Within these entries, which lines include the string "CrtYd"? Copy each one.

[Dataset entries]
>>>
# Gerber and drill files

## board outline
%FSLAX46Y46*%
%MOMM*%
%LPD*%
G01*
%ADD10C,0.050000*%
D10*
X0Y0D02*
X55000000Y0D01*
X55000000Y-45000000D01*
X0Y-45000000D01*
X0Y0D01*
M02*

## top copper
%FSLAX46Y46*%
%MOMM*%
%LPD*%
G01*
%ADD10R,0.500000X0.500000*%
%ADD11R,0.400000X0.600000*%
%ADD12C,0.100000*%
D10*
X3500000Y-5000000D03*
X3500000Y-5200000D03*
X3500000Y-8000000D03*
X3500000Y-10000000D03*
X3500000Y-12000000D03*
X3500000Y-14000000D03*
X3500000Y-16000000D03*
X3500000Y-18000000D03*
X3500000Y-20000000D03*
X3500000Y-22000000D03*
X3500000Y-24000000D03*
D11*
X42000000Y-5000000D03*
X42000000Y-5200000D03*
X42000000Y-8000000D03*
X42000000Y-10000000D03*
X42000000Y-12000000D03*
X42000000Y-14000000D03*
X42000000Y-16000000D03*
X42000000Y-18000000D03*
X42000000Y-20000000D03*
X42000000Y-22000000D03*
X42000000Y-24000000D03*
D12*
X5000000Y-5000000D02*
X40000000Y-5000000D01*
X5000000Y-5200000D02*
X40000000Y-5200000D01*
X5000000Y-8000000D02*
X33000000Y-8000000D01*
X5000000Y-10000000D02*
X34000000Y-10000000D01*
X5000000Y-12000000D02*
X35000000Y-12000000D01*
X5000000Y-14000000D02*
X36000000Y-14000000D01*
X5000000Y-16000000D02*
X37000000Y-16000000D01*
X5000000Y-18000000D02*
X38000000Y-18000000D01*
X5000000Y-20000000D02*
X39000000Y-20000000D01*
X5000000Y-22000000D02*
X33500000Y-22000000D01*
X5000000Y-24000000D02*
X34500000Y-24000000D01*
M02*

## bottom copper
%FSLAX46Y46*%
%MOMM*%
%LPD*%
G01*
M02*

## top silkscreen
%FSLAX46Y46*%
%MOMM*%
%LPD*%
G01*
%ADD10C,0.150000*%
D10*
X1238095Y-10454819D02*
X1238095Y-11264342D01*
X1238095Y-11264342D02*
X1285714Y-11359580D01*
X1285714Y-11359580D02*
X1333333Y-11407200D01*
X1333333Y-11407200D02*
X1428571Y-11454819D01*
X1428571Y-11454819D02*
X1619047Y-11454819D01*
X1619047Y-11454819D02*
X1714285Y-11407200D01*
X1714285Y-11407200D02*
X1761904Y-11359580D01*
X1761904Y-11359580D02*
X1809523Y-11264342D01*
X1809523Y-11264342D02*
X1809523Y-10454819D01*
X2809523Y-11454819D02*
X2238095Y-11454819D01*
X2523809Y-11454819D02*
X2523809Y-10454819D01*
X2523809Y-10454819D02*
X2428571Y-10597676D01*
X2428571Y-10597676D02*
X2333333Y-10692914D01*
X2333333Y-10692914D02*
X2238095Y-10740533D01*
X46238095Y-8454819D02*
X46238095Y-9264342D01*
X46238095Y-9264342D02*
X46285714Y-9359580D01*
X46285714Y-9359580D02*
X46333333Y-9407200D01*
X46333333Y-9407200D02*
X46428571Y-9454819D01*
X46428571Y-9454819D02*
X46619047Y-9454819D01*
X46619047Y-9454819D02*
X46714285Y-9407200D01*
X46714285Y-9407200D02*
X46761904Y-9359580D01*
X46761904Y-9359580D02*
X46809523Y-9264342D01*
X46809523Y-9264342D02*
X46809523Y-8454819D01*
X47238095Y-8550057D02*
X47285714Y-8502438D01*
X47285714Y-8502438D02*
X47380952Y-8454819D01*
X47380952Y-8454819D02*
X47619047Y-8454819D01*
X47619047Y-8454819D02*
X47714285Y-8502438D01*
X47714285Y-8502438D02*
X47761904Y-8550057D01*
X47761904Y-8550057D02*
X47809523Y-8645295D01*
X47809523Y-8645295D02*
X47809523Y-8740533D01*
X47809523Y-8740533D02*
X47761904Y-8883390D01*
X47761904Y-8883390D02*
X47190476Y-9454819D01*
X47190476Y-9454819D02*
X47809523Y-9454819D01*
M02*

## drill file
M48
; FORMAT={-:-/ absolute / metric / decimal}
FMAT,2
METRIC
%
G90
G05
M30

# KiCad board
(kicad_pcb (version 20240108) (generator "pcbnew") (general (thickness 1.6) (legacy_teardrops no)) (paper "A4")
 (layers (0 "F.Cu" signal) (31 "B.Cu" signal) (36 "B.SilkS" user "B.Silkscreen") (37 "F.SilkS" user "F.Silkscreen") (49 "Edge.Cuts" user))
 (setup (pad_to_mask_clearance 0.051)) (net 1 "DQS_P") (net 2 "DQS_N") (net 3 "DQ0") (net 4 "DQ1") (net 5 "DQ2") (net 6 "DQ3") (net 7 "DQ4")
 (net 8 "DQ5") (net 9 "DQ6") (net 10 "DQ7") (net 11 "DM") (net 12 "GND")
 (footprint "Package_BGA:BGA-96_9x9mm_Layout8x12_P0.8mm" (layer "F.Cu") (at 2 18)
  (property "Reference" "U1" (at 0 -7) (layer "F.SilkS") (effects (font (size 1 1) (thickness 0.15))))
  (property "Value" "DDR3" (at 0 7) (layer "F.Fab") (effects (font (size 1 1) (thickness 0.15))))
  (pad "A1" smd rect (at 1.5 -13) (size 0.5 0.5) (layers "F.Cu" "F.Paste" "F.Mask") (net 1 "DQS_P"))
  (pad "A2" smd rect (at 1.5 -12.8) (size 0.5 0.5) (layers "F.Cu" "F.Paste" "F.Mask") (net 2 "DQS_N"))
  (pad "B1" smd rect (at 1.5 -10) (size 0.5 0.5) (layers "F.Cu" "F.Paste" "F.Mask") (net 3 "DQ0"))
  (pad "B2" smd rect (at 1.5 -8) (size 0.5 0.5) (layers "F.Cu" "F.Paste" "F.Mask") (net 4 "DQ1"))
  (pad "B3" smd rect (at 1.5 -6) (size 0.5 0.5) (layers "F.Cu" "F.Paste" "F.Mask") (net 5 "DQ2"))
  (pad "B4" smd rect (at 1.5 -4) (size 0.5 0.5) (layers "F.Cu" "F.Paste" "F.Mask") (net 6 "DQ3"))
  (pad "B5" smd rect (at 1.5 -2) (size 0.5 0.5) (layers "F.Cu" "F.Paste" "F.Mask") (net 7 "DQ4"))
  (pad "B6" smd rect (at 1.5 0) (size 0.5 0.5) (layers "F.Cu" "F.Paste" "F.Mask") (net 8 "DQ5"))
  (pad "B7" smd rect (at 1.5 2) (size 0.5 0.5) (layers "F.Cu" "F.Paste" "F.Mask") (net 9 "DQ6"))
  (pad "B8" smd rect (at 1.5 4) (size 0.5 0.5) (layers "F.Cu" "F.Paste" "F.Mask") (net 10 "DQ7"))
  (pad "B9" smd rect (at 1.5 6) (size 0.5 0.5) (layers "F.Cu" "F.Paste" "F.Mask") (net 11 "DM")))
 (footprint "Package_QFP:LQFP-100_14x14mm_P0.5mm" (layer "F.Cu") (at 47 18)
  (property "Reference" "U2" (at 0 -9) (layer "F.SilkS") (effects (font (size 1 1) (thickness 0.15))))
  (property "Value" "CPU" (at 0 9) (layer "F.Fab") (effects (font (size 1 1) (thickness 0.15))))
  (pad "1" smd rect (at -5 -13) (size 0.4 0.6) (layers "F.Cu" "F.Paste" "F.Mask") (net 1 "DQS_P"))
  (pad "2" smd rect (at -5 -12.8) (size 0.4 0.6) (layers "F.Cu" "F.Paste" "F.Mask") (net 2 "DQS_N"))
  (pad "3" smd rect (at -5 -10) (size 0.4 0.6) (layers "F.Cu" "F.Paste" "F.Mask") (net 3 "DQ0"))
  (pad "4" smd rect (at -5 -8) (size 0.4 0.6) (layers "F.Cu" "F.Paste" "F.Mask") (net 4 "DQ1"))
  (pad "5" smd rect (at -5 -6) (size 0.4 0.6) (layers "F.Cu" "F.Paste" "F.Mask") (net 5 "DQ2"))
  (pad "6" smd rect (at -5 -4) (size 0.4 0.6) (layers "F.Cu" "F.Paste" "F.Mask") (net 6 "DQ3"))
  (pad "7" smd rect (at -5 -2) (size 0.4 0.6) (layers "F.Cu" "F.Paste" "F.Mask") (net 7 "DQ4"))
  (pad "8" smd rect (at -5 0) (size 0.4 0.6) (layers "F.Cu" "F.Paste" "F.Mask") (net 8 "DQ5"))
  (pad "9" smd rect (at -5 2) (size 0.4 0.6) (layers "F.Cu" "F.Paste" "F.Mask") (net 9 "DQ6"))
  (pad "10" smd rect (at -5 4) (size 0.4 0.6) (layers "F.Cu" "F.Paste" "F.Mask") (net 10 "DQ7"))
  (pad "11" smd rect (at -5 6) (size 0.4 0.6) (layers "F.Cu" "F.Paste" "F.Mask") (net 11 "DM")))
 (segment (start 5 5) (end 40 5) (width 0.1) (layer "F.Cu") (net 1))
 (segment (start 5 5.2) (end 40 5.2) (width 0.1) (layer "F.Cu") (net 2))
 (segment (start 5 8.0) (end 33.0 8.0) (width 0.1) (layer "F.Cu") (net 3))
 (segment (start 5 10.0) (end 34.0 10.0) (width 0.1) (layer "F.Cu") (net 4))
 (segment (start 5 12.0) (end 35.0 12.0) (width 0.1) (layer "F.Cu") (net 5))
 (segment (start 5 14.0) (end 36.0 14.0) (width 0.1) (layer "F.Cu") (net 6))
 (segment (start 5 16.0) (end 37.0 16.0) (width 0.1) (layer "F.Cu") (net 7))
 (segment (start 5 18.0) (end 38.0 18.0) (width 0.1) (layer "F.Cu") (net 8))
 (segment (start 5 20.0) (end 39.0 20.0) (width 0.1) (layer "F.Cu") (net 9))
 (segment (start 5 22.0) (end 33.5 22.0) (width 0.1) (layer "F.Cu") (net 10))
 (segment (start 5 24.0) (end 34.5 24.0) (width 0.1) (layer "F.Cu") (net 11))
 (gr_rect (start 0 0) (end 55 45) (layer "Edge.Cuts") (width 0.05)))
<<<
>>>
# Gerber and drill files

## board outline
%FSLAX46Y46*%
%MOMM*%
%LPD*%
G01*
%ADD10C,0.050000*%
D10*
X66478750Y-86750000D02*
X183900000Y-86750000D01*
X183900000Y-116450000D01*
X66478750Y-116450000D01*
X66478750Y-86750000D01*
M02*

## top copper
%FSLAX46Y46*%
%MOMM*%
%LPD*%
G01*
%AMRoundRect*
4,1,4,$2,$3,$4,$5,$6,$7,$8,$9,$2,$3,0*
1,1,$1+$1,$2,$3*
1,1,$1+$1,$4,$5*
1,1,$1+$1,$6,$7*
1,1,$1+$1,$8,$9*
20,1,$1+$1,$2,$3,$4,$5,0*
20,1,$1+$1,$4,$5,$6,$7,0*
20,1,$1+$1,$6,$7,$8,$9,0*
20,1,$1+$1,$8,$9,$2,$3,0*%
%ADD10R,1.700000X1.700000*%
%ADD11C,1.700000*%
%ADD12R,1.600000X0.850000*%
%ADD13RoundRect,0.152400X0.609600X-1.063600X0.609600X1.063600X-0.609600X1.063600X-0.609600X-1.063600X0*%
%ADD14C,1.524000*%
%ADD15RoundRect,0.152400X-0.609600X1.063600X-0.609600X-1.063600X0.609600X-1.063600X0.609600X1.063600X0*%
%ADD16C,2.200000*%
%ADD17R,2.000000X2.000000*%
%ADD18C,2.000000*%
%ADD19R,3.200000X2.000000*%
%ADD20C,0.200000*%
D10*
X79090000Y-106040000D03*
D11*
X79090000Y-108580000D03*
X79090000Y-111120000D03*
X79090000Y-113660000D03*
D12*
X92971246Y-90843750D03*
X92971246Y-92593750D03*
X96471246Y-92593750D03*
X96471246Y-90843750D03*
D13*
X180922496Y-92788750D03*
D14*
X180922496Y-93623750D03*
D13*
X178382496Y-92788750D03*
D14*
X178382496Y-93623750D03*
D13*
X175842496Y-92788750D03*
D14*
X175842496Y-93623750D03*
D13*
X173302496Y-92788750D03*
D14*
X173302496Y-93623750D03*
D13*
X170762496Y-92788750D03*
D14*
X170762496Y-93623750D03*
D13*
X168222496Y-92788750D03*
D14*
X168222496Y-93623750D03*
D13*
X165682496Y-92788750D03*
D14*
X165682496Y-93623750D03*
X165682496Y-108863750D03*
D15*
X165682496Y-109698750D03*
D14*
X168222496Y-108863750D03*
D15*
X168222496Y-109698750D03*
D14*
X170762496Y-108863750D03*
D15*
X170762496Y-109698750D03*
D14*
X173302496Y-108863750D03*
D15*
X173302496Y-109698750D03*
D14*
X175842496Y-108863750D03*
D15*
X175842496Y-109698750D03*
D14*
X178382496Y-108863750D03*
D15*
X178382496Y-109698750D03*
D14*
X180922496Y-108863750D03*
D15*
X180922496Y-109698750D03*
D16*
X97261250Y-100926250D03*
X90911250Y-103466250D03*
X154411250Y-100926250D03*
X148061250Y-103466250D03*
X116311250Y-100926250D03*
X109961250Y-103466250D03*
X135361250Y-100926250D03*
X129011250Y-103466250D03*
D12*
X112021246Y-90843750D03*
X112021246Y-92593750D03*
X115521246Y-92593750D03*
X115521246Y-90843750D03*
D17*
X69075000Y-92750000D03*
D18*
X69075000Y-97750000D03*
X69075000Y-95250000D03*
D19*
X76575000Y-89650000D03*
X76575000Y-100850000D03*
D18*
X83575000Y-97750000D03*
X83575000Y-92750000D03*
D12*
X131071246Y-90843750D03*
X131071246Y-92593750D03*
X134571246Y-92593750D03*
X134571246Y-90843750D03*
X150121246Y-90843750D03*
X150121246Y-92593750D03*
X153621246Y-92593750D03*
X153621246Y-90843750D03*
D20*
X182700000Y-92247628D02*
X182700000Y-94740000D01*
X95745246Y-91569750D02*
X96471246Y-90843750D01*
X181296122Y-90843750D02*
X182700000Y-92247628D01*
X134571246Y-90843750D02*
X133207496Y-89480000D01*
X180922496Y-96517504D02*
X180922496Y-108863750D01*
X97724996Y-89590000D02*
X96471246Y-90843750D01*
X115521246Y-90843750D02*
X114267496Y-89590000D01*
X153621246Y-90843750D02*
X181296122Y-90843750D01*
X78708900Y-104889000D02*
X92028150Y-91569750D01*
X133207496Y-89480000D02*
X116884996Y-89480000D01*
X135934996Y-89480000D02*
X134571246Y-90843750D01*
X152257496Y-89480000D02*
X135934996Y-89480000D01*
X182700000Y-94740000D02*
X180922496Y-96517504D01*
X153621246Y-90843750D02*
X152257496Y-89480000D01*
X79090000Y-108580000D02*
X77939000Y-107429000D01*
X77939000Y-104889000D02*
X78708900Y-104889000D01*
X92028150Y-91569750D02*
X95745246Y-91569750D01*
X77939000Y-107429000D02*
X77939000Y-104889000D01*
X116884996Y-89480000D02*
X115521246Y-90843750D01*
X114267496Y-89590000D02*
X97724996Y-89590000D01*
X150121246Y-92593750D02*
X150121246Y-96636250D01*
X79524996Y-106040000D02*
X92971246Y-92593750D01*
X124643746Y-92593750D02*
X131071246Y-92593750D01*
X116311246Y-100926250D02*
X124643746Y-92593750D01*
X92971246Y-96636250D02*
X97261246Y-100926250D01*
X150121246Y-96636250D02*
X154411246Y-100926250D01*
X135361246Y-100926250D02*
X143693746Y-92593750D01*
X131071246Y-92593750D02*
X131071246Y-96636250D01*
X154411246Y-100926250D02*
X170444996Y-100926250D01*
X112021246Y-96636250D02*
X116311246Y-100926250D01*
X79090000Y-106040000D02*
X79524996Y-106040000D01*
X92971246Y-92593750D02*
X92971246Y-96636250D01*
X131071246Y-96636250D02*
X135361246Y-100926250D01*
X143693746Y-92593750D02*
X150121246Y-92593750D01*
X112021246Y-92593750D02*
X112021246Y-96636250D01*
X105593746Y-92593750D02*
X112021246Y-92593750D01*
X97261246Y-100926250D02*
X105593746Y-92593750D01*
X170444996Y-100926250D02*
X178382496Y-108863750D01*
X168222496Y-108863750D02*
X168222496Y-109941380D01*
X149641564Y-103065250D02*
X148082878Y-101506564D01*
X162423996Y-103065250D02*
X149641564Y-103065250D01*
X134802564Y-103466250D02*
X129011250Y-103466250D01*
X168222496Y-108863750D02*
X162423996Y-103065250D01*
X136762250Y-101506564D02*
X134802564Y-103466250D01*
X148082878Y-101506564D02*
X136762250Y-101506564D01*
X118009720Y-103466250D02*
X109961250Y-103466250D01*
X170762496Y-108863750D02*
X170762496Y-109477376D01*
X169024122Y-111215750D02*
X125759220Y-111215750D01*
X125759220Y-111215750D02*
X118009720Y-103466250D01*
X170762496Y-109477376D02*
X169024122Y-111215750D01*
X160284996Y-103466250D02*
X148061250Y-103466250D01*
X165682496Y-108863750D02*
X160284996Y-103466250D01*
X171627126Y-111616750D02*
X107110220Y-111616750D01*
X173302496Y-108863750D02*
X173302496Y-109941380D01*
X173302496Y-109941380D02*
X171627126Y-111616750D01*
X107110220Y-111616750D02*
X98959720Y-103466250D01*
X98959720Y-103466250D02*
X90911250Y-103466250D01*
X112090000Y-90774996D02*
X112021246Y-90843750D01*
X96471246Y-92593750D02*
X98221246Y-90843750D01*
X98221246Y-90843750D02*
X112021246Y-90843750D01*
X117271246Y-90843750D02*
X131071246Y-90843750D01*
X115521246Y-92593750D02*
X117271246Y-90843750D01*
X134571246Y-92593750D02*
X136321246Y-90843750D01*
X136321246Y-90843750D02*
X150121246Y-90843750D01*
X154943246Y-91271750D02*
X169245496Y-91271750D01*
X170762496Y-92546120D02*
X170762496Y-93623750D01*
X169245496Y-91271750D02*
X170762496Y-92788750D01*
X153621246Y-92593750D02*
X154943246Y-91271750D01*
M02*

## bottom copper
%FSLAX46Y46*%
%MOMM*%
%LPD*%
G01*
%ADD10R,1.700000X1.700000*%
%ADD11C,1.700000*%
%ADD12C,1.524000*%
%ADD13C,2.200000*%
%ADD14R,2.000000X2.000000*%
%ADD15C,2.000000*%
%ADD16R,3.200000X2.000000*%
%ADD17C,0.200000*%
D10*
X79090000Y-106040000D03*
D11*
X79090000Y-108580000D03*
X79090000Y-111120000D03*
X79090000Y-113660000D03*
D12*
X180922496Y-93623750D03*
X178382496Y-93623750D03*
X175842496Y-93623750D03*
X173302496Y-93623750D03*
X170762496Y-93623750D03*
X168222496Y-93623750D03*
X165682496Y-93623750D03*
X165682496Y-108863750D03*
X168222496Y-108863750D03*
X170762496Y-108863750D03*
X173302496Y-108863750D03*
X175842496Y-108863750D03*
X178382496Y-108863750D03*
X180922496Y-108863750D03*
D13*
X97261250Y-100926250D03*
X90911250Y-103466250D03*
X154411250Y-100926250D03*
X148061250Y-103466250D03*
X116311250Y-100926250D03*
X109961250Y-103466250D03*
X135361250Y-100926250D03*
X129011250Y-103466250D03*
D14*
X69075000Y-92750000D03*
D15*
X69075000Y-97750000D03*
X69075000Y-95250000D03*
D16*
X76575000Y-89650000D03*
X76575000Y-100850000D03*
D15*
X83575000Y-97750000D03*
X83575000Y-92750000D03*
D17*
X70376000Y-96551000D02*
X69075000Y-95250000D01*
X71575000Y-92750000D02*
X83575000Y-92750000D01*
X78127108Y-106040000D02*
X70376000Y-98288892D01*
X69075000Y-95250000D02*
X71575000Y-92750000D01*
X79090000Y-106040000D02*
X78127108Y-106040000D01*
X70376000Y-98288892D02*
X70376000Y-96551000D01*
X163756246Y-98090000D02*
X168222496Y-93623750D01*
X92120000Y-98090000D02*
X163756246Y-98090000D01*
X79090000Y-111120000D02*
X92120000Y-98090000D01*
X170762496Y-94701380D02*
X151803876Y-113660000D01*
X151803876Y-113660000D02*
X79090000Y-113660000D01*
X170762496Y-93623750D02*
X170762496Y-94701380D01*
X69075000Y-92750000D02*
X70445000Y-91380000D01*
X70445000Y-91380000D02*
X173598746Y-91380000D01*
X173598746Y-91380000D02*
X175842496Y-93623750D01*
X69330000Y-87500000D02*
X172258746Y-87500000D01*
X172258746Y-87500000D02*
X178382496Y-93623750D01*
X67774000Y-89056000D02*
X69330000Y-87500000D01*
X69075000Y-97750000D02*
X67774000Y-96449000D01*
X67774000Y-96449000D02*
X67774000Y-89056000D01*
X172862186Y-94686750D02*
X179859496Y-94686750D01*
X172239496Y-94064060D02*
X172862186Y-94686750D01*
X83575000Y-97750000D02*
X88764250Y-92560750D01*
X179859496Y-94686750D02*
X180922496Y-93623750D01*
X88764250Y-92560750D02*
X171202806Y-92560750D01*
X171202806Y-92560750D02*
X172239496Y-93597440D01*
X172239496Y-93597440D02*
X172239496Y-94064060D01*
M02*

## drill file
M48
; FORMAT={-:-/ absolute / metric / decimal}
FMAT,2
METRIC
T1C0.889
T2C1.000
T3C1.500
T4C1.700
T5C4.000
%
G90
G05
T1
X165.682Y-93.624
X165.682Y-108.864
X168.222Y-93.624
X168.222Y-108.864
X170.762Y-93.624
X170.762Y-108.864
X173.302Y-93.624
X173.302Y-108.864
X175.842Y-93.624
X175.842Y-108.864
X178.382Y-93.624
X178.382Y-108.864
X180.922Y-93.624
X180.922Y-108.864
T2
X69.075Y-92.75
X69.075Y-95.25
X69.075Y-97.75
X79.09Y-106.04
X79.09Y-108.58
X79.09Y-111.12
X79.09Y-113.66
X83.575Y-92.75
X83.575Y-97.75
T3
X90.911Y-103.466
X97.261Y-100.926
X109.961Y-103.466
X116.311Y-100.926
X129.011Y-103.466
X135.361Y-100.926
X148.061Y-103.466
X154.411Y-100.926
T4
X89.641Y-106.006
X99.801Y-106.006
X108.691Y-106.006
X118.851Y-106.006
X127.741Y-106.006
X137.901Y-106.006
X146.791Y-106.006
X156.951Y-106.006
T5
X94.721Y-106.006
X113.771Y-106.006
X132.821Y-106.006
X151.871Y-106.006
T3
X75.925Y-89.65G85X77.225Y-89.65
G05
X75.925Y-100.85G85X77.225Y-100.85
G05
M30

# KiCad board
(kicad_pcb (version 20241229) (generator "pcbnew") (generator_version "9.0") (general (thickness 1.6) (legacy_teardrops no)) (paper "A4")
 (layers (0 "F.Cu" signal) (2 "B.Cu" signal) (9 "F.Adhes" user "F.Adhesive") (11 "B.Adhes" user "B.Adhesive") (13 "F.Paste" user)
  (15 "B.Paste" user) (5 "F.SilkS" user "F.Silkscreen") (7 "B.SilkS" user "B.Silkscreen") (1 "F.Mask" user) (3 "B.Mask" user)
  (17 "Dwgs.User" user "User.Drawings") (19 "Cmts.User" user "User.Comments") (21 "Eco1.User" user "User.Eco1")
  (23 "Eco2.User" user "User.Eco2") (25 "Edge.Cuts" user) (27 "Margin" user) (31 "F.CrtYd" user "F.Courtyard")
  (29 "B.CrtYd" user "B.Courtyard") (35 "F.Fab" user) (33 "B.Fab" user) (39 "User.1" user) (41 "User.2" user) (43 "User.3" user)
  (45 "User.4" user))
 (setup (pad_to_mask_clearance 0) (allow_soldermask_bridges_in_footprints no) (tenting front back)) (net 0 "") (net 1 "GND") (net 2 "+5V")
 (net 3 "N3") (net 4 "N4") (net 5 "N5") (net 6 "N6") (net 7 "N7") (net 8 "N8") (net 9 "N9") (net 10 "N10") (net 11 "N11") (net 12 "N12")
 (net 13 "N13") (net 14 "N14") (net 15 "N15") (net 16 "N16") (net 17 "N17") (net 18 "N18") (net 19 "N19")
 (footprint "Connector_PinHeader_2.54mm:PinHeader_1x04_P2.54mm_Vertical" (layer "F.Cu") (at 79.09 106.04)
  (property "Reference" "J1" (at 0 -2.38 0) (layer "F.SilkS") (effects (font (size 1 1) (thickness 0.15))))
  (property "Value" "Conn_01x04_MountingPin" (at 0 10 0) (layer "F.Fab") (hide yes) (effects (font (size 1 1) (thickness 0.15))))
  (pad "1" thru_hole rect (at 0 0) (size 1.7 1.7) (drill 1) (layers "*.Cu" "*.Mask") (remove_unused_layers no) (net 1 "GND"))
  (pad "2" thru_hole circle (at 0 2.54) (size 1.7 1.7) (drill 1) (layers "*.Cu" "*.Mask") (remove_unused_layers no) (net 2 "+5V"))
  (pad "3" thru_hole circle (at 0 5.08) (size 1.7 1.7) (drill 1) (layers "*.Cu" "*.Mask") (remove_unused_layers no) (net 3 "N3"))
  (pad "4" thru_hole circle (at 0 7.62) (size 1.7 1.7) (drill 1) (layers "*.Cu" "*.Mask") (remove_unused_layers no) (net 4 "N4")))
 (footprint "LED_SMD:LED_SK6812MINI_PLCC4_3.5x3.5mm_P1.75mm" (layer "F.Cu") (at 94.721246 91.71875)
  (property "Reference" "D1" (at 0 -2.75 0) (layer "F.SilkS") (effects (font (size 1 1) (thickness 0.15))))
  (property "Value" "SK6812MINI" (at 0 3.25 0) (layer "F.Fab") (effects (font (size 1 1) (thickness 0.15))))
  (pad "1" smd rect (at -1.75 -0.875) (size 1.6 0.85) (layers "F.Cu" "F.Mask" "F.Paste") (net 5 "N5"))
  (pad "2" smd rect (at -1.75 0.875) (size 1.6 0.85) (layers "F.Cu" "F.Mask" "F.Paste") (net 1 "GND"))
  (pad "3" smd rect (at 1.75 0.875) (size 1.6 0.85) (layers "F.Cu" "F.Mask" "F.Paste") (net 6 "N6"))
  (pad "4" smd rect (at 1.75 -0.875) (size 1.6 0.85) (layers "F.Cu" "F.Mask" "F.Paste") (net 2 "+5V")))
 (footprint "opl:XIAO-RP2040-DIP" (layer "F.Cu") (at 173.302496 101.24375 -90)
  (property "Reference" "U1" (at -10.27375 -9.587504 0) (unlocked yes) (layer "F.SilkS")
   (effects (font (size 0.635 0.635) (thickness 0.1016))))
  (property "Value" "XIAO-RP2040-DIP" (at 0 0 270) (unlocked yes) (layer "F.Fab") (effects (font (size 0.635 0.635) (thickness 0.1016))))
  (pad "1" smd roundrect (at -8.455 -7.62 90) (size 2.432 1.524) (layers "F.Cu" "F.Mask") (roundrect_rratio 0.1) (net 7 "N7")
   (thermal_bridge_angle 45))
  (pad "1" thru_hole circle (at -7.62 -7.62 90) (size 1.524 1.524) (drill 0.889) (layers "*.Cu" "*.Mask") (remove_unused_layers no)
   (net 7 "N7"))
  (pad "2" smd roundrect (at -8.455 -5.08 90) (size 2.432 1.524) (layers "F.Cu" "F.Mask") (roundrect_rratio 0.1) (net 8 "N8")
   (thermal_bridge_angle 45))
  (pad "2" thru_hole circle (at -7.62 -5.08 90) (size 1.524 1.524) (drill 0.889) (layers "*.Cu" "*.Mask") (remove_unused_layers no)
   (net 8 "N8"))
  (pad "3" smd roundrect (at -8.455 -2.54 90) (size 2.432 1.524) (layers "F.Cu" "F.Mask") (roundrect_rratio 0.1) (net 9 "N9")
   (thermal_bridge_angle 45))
<<<
● SOLUTION BELOW:
  (23 "Eco2.User" user "User.Eco2") (25 "Edge.Cuts" user) (27 "Margin" user) (31 "F.CrtYd" user "F.Courtyard")
  (29 "B.CrtYd" user "B.Courtyard") (35 "F.Fab" user) (33 "B.Fab" user) (39 "User.1" user) (41 "User.2" user) (43 "User.3" user)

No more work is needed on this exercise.